Penentuan Rhodamine B dalam bubuk cabai dengan sistem WAYEAL LCMS-TQ9200 LCMS/MS

Rhodamine B (juga disebut Rose Red B atau Basic Violet 10) adalah pewarna fluoresen basa sintetis yang termasuk dalam kelas kimia xanthene. Zat ini sendiri menunjukkan warna merah mawar cerah dan mudah larut dalam pelarut polar seperti air dan etanol. Awalnya, zat ini banyak digunakan di bidang industri termasuk tekstil, percetakan, dan pelabelan fluoresen. Karena biayanya yang rendah dan kemampuan pewarnaan yang kuat, beberapa pedagang yang tidak bermoral telah menambahkannya secara ilegal ke dalam produk makanan untuk tujuan pewarnaan, seperti bubuk cabai, lada Sichuan, produk daging, dan bumbu, menjadikannya kontaminan penting yang membahayakan keamanan pangan.
Rhodamine B jelas beracun bagi tubuh manusia. Zat ini dapat masuk ke dalam tubuh melalui saluran pencernaan atau kulit, mengganggu metabolisme fisiologis normal. Selain itu, zat ini menimbulkan risiko karsinogenik dan mutagenik potensial. Akibatnya, zat ini telah diklasifikasikan sebagai zat yang tidak dapat dimakan dan dilarang dalam makanan oleh banyak negara. Zat ini merupakan target utama pengawasan keamanan pangan, dan tingkat deteksinya tetap tinggi secara persisten di berbagai bumbu dan makanan olahan.
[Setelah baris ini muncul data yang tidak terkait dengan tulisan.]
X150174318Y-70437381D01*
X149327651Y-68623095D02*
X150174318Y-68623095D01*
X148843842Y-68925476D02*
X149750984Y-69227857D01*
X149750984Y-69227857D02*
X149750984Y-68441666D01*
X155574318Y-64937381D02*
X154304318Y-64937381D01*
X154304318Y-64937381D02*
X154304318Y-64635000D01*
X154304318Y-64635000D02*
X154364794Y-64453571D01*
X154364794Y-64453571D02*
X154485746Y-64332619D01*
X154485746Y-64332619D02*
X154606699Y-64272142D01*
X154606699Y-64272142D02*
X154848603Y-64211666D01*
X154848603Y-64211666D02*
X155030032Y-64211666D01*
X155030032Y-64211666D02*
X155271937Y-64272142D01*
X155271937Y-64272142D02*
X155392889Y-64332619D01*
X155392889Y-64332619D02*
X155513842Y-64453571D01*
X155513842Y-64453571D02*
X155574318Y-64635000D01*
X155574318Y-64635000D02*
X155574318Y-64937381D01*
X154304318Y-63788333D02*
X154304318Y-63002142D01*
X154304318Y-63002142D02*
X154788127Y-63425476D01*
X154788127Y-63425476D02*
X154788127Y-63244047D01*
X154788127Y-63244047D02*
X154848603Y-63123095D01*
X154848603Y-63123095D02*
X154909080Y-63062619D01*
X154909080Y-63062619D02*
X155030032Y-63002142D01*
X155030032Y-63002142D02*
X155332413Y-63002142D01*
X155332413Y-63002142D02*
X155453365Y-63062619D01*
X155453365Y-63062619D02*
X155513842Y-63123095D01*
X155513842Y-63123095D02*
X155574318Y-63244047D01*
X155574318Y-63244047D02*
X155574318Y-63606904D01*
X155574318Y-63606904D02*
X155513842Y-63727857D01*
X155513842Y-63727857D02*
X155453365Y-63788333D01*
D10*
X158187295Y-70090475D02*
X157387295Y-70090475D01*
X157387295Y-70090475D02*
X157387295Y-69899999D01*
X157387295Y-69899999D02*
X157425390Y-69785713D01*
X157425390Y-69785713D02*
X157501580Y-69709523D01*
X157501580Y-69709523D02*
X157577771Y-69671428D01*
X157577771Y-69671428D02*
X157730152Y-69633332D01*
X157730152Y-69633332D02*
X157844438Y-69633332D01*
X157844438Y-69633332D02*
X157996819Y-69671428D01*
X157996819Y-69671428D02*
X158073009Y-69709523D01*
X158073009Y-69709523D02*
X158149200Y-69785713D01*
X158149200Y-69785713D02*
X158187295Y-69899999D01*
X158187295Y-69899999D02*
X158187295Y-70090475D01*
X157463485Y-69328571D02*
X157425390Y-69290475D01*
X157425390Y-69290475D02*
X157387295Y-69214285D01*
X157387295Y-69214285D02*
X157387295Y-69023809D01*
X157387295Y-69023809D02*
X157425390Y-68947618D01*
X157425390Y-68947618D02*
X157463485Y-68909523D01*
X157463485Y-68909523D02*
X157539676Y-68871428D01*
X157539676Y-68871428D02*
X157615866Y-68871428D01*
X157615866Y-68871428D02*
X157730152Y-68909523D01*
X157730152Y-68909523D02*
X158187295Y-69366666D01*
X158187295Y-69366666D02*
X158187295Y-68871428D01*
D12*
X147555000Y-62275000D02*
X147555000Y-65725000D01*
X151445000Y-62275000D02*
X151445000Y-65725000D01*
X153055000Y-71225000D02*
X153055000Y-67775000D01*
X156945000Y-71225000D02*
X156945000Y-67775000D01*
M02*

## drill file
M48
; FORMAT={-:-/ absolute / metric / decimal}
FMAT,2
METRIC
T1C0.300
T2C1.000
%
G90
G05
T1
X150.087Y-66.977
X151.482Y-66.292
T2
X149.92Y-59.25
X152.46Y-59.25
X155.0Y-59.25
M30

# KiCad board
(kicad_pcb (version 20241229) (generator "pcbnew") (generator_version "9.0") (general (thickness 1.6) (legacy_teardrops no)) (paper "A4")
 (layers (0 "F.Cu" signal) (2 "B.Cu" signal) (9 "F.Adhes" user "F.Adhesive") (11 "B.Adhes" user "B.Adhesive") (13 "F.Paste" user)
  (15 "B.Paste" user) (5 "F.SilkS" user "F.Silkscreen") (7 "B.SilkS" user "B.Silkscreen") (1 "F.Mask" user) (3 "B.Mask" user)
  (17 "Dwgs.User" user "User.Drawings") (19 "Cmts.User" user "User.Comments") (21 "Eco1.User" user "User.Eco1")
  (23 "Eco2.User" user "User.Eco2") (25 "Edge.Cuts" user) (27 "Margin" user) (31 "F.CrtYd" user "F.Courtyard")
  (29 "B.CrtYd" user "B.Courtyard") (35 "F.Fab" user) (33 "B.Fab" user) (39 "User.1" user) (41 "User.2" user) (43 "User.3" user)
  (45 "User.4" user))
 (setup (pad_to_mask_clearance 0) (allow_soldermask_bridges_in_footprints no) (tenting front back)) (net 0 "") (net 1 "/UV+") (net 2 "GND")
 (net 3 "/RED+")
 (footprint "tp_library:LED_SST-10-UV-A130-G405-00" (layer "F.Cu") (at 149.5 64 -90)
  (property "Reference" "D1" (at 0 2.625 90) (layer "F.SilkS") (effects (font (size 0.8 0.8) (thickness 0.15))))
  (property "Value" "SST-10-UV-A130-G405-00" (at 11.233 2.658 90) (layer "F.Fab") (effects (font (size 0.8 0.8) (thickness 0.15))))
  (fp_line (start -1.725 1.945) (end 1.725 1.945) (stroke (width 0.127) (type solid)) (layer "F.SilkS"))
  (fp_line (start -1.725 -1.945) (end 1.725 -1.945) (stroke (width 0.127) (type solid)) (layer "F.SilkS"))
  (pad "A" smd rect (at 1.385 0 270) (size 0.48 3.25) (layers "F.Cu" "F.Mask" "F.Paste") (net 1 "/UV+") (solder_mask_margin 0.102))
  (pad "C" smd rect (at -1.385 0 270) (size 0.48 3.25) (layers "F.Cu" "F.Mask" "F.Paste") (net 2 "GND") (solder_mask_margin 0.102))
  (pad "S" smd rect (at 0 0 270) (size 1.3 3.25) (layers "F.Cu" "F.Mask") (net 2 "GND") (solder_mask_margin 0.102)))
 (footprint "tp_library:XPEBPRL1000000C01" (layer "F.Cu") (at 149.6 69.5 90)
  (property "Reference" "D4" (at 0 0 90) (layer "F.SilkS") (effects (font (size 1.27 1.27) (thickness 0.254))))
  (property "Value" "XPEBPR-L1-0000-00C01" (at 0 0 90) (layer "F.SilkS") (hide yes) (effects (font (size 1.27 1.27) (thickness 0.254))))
Dalam catatan aplikasi ini, metode kromatografi cair-spektrometri massa tandem (LC-MS/MS) untuk penentuan Rhodamine B dalam makanan ditetapkan menggunakan sistem kromatografi cair-spektrometri massa tandem WAYEAL LCMS-TQ9200. Metode ini mencapai ekstraksi yang efisien, pemisahan yang tepat, dan kuantifikasi analit target yang sensitif sambil secara efektif menghilangkan gangguan matriks makanan. Metode ini menawarkan dukungan teknis yang andal untuk penyaringan cepat dan kuantifikasi akurat Rhodamine B dalam makanan, sehingga memfasilitasi pengawasan keamanan pangan yang efektif.
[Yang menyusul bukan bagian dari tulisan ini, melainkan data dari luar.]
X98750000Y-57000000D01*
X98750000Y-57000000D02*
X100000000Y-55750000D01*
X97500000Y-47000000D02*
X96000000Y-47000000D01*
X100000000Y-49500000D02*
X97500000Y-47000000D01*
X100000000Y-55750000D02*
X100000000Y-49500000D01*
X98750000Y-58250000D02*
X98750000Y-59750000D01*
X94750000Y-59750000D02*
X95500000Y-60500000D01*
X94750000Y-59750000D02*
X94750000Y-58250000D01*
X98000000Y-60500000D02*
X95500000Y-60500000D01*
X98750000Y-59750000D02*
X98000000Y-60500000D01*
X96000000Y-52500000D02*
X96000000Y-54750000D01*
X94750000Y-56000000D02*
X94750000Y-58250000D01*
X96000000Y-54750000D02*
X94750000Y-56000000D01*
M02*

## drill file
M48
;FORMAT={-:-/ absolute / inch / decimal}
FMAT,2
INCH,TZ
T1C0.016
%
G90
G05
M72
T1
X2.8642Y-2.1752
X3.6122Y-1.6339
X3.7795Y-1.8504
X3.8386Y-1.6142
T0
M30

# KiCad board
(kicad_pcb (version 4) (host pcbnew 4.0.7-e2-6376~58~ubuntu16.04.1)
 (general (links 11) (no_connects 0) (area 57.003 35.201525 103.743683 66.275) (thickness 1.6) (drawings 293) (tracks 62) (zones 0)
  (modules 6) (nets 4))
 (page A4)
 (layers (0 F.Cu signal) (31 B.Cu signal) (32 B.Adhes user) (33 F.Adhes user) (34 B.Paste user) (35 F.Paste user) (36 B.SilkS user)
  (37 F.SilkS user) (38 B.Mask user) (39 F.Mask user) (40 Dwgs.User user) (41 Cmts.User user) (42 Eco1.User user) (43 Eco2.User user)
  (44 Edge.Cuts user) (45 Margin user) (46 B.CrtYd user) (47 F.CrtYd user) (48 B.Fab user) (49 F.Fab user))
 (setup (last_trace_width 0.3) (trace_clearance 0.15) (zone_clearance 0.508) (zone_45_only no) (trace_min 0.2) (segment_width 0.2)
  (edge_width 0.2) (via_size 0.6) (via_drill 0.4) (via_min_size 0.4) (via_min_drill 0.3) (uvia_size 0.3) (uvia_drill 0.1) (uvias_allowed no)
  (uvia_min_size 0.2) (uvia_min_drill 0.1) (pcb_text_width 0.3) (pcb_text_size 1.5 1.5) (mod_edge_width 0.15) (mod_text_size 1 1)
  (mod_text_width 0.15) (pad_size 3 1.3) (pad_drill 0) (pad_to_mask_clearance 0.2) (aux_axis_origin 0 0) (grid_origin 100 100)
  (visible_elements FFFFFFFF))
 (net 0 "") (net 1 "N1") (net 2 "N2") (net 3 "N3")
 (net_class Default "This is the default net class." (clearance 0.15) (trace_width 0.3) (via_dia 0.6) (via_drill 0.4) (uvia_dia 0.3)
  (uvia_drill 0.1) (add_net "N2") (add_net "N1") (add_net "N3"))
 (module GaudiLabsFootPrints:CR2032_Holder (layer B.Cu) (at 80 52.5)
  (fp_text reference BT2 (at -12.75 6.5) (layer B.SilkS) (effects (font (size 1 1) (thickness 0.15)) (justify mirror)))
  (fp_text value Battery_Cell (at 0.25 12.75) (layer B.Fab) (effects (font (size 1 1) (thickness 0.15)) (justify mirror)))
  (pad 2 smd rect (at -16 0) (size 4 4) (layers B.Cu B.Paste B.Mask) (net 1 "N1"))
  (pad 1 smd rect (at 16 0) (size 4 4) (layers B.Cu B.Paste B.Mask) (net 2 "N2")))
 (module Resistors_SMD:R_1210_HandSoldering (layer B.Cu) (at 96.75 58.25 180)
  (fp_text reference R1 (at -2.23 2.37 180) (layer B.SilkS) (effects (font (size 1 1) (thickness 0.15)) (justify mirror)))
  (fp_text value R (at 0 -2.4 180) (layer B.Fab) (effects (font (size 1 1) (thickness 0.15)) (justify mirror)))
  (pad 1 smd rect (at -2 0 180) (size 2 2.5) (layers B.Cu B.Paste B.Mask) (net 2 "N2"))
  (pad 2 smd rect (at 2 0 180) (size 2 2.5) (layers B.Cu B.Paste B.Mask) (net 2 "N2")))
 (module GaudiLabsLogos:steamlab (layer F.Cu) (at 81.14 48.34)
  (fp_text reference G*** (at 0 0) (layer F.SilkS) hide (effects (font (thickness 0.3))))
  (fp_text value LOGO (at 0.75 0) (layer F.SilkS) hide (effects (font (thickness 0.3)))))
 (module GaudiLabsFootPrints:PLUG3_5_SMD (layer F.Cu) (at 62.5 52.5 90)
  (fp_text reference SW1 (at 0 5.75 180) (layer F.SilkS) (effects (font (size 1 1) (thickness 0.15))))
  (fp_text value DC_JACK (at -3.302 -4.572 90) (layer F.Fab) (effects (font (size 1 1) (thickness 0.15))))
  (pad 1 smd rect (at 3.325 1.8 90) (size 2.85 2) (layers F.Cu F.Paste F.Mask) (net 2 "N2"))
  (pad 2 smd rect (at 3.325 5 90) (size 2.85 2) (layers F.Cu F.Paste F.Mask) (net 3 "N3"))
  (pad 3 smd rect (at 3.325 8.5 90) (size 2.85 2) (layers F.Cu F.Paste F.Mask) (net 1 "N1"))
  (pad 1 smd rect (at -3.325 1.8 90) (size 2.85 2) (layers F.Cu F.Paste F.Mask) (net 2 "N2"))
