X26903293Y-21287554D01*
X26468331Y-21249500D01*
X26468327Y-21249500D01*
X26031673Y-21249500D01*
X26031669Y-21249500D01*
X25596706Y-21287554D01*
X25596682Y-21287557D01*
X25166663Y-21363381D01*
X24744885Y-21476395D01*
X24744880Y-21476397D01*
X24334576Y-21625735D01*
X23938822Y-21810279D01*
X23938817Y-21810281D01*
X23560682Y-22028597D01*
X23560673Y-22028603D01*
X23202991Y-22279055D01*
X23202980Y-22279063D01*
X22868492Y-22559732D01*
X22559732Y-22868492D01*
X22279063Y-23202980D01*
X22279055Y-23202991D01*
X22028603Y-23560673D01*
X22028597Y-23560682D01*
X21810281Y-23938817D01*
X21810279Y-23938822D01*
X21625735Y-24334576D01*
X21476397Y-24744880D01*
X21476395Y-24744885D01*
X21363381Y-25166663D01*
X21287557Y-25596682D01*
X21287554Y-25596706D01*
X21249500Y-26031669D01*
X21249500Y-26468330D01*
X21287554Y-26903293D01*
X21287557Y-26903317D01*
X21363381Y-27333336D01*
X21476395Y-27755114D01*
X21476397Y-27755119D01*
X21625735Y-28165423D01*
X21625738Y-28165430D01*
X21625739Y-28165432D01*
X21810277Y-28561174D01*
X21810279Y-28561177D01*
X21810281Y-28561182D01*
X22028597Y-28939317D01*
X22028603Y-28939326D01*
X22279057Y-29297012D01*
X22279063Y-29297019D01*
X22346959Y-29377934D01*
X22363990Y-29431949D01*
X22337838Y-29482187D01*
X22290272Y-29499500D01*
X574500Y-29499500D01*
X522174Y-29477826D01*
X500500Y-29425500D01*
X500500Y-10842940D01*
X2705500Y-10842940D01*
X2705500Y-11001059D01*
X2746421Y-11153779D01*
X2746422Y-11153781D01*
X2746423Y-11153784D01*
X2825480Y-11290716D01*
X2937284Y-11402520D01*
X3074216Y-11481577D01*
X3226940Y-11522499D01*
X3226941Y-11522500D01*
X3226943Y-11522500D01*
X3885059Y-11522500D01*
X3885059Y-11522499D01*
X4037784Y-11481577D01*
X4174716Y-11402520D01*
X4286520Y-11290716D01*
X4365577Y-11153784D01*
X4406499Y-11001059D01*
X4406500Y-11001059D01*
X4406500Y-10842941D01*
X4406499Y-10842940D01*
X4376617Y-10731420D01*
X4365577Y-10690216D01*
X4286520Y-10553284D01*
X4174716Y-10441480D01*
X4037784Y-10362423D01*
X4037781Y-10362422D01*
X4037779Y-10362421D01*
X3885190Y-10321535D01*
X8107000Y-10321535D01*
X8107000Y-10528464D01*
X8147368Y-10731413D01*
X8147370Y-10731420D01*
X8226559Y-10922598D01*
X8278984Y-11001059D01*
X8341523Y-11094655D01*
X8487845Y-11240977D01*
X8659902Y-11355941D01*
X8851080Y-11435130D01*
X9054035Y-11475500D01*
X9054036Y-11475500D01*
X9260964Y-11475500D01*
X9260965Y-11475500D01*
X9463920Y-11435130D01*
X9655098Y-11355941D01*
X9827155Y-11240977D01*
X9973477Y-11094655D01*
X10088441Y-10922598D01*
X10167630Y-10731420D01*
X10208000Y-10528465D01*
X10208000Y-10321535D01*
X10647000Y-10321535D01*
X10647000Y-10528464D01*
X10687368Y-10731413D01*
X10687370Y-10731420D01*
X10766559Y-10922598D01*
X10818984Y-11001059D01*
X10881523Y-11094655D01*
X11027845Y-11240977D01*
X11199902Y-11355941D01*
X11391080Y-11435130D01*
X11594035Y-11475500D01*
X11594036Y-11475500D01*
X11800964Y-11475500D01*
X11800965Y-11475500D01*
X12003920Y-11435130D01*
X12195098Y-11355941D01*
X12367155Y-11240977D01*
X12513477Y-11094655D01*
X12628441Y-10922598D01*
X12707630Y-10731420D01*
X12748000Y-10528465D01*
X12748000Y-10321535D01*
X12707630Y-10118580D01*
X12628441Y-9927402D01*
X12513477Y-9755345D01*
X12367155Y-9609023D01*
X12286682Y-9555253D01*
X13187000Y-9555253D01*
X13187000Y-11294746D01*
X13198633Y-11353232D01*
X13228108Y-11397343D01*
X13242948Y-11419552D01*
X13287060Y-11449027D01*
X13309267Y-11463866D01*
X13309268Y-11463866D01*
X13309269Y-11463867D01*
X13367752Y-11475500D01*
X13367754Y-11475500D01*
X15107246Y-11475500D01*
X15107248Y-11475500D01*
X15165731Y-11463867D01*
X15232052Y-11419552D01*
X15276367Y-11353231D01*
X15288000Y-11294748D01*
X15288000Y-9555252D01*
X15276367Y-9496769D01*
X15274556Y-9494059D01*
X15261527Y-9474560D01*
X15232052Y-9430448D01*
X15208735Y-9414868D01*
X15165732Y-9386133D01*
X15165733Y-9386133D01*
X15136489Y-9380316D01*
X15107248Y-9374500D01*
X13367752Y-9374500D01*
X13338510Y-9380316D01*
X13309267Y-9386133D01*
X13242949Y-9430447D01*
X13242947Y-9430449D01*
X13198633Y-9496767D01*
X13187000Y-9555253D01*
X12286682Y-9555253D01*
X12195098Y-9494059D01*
Kata Kunci: Keamanan pangan, Rhodamine B, LCMS/MS

1. Instrumen dan Reagen

1.1 Konfigurasi Instrumen

Tabel 1 Daftar Konfigurasi Instrumen

1.2 Daftar Reagen dan Standar

Tabel 2 Daftar Reagen dan Standar

1.3 Bahan Percobaan dan Peralatan Bantu

Vortex mixer

Sentrifus kecepatan tinggi

Timbangan analitik

Manifold ekstraksi fase padat (SPE) (dengan pompa vakum)

Evaporator nitrogen

Pengocok orbital

2. Metode Percobaan

2.1 Persiapan Larutan

2.1.1 0,1% Asam Format dalam Air: Pindahkan 1 mL asam format ke dalam 500 mL air, aduk rata, dan naikkan hingga volume akhir 1000 mL dengan air.

2.1.2 0,1% Asam Format dalam Asetonitril: Pindahkan 1 mL asam format ke dalam 500 mL asetonitril, aduk rata, dan naikkan hingga volume 1000 mL dengan asetonitril.

2.1.3 50% Metanol dalam Air: Pindahkan 500 mL metanol secara akurat ke dalam labu ukur 1 L, kemudian naikkan hingga volume dengan air.

2.1.4 50% Metanol dalam Air dengan 0,1% Asam Format: Pindahkan 1 mL asam format ke dalam 500 mL larutan 50% metanol dalam air, aduk rata, dan encerkan hingga volume 1000 mL dengan larutan 50% metanol dalam air.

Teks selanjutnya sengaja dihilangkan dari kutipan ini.